I'mInLoveWithMyHubby said:


> My husband and I agreed to not have frequent casual contact with the opposite sex. I'd be so pissed at my husband if he was meeting other women friends for lunch. He'd feel the same way if I were meeting men. We've been married 12 years and have a very good marriage.
> 
> Sorry, I don't see anything good coming out of this. You easily could end up having affairs on your husband, if you haven't already. Emotional affairs are just as bad as physical affairs.
> _Posted via Mobile Device_


My wife never saw any problems with her regular and ongoing lunches with a younger ex baseball player. Now we are seperated. She claims it did not contribute to the downfall of our marriage. I beg to differ.


----------



## Rob774 (Sep 27, 2010)

Mistys dad said:


> *We were an item years ago and I ended the relationship with the above male friend after we kept going in circles.*
> 
> To put it politely, If I was your husband I would have a major issue with that.
> 
> That would be a boundry that I wouldn't allow to be crossed.


^^^:iagree::iagree::iagree:^^^

I'm sorry, but you don't get to this. Having lunches with ex lover's, i don't care if it was from 40 years ago, he was somebody you was once intimate with... a guy that knows how to make love to you. We have a policy in my household...ZERO contact with ex's or past sexual partners. To coin a phrase, you are playing with fire with gasoline underwear on. 

Think about your situation for one second. You are hanging with guys... while feeling under appreciated at home.

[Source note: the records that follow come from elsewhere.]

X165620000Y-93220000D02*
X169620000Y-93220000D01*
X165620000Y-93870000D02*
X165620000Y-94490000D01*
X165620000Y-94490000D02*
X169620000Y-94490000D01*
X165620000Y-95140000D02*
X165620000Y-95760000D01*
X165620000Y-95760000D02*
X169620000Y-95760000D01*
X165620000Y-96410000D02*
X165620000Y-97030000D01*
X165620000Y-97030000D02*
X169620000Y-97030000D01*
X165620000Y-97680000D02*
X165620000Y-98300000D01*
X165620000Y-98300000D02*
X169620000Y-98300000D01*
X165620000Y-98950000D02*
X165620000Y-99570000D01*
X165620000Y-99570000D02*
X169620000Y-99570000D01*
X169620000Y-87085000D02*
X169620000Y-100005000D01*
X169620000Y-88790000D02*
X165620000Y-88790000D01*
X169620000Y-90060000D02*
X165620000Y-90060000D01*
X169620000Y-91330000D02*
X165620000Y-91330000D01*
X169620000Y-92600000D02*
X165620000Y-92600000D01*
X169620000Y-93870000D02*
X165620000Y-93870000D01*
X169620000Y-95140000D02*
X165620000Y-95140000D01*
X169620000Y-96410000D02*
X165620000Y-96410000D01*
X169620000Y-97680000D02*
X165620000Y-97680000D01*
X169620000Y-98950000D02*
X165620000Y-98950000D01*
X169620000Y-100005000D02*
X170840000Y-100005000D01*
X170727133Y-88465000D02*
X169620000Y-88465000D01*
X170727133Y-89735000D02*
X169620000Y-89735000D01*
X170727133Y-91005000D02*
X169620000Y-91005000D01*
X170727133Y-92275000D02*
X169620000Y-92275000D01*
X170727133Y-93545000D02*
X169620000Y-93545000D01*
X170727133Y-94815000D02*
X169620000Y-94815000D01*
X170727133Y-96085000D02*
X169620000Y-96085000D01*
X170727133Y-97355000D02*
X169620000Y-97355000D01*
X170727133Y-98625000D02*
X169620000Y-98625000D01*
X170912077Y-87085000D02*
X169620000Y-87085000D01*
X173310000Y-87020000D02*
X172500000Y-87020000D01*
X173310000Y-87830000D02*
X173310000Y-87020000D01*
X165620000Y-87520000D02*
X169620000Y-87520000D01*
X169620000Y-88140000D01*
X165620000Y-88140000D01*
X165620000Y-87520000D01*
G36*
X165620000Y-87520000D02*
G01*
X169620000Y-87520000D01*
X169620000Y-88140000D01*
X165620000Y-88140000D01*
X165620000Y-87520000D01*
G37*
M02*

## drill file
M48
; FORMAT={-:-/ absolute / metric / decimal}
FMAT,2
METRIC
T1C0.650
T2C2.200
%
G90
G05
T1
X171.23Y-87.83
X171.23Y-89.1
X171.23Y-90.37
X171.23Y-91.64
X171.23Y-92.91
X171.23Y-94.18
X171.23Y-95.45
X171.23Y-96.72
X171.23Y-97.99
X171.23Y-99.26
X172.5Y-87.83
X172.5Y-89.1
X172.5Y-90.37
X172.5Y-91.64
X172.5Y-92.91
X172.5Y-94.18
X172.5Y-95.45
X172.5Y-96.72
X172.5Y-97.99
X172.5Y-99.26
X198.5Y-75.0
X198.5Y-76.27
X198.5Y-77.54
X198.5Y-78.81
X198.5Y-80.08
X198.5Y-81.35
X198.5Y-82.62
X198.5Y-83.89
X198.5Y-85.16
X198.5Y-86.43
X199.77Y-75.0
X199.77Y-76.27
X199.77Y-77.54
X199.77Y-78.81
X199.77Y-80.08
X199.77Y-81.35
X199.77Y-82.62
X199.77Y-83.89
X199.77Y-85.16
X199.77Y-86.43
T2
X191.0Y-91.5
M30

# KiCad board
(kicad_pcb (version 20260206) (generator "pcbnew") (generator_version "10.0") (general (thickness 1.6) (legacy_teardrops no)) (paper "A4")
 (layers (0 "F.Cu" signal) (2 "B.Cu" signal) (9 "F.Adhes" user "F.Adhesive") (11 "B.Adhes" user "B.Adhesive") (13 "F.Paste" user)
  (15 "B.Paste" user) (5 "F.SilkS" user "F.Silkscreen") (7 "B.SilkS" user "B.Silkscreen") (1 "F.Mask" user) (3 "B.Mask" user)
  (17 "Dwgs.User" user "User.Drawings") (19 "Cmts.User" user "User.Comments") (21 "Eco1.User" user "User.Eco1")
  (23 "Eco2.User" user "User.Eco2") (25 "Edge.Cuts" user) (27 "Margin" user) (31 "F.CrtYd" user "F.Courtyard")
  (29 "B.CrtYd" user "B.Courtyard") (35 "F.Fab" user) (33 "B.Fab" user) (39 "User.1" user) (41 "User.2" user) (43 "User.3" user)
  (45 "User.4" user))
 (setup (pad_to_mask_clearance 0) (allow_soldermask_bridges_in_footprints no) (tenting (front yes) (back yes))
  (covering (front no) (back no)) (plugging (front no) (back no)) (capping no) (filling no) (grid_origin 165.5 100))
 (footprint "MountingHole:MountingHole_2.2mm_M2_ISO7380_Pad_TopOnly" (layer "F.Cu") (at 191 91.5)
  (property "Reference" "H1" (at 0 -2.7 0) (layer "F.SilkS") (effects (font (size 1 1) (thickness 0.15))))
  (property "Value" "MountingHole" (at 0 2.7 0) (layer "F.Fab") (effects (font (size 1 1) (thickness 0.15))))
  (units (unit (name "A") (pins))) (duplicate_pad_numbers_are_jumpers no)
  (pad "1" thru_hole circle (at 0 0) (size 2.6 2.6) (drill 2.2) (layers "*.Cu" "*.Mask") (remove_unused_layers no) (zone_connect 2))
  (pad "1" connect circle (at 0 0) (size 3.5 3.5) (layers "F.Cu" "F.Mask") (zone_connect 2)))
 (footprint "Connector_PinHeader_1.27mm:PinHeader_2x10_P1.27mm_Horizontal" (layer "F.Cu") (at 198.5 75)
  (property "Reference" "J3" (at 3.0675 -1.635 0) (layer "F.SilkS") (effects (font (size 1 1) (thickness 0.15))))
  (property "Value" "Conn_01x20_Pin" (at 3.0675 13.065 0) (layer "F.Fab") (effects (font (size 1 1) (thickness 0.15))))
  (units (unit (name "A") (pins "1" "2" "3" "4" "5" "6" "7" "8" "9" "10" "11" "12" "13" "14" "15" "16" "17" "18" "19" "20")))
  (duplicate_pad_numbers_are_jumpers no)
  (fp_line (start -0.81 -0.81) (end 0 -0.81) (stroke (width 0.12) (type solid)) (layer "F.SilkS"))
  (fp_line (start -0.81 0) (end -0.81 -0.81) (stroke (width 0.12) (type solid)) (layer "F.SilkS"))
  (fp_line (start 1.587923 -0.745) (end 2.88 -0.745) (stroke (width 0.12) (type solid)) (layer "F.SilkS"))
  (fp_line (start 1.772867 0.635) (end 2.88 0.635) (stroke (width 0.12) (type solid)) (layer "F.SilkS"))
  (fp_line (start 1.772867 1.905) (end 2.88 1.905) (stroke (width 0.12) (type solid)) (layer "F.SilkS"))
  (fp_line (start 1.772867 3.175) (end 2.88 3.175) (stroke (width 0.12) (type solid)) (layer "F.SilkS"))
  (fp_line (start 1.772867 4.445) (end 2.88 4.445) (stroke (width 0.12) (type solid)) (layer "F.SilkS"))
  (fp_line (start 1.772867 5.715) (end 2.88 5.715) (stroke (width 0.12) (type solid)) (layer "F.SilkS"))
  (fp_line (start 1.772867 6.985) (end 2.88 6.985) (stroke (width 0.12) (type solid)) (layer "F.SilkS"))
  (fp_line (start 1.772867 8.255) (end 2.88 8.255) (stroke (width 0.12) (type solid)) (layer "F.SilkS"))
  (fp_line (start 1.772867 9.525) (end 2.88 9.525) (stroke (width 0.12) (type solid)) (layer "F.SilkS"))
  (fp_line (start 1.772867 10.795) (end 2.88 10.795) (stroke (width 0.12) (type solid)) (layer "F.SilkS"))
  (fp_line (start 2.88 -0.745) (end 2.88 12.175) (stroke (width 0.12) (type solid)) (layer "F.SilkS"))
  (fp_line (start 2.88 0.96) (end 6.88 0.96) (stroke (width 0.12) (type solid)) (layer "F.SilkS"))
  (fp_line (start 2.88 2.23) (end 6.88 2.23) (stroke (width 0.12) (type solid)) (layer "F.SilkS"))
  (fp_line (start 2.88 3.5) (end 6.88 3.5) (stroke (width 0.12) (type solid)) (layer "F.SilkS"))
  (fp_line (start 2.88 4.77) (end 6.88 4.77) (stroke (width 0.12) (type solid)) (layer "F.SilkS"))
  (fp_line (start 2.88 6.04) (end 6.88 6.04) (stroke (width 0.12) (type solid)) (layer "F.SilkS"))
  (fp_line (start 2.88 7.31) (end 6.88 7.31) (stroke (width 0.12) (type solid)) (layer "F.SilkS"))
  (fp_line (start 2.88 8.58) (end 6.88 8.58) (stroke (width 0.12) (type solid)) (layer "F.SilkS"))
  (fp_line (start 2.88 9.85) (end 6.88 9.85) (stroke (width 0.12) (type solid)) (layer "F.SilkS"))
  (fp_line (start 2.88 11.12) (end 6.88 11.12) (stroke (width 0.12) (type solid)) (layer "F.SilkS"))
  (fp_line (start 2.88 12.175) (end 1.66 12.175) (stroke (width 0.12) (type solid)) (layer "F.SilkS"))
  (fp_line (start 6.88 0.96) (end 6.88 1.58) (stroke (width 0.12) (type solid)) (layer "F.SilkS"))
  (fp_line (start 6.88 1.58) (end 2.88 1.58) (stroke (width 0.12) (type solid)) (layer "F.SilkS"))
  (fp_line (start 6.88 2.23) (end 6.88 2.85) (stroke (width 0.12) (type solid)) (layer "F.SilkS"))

That's like me being undersexed at home, and hanging out with a bunch of pornstars... not a good recipe and somethings going to break. You are one mixed drink away from stumbling, falling over onto one of these guy's c-ck.


----------



## Cherry (Sep 23, 2009)

I had a pretty good male friend once during our separation. I tried to continue that friendship after our reconciliation. It almost destroyed our marriage, and I didn't even see it happening! I found I was too comfortable with this friend to the point that it was silently tearing up my marriage, but he was easy to talk to, we had fun, blah blah, but I needed that with my H, not my friend. I phased the friendship out and started focusing on getting those things from my H. I have casual male friends still, and my H has casual female friends. 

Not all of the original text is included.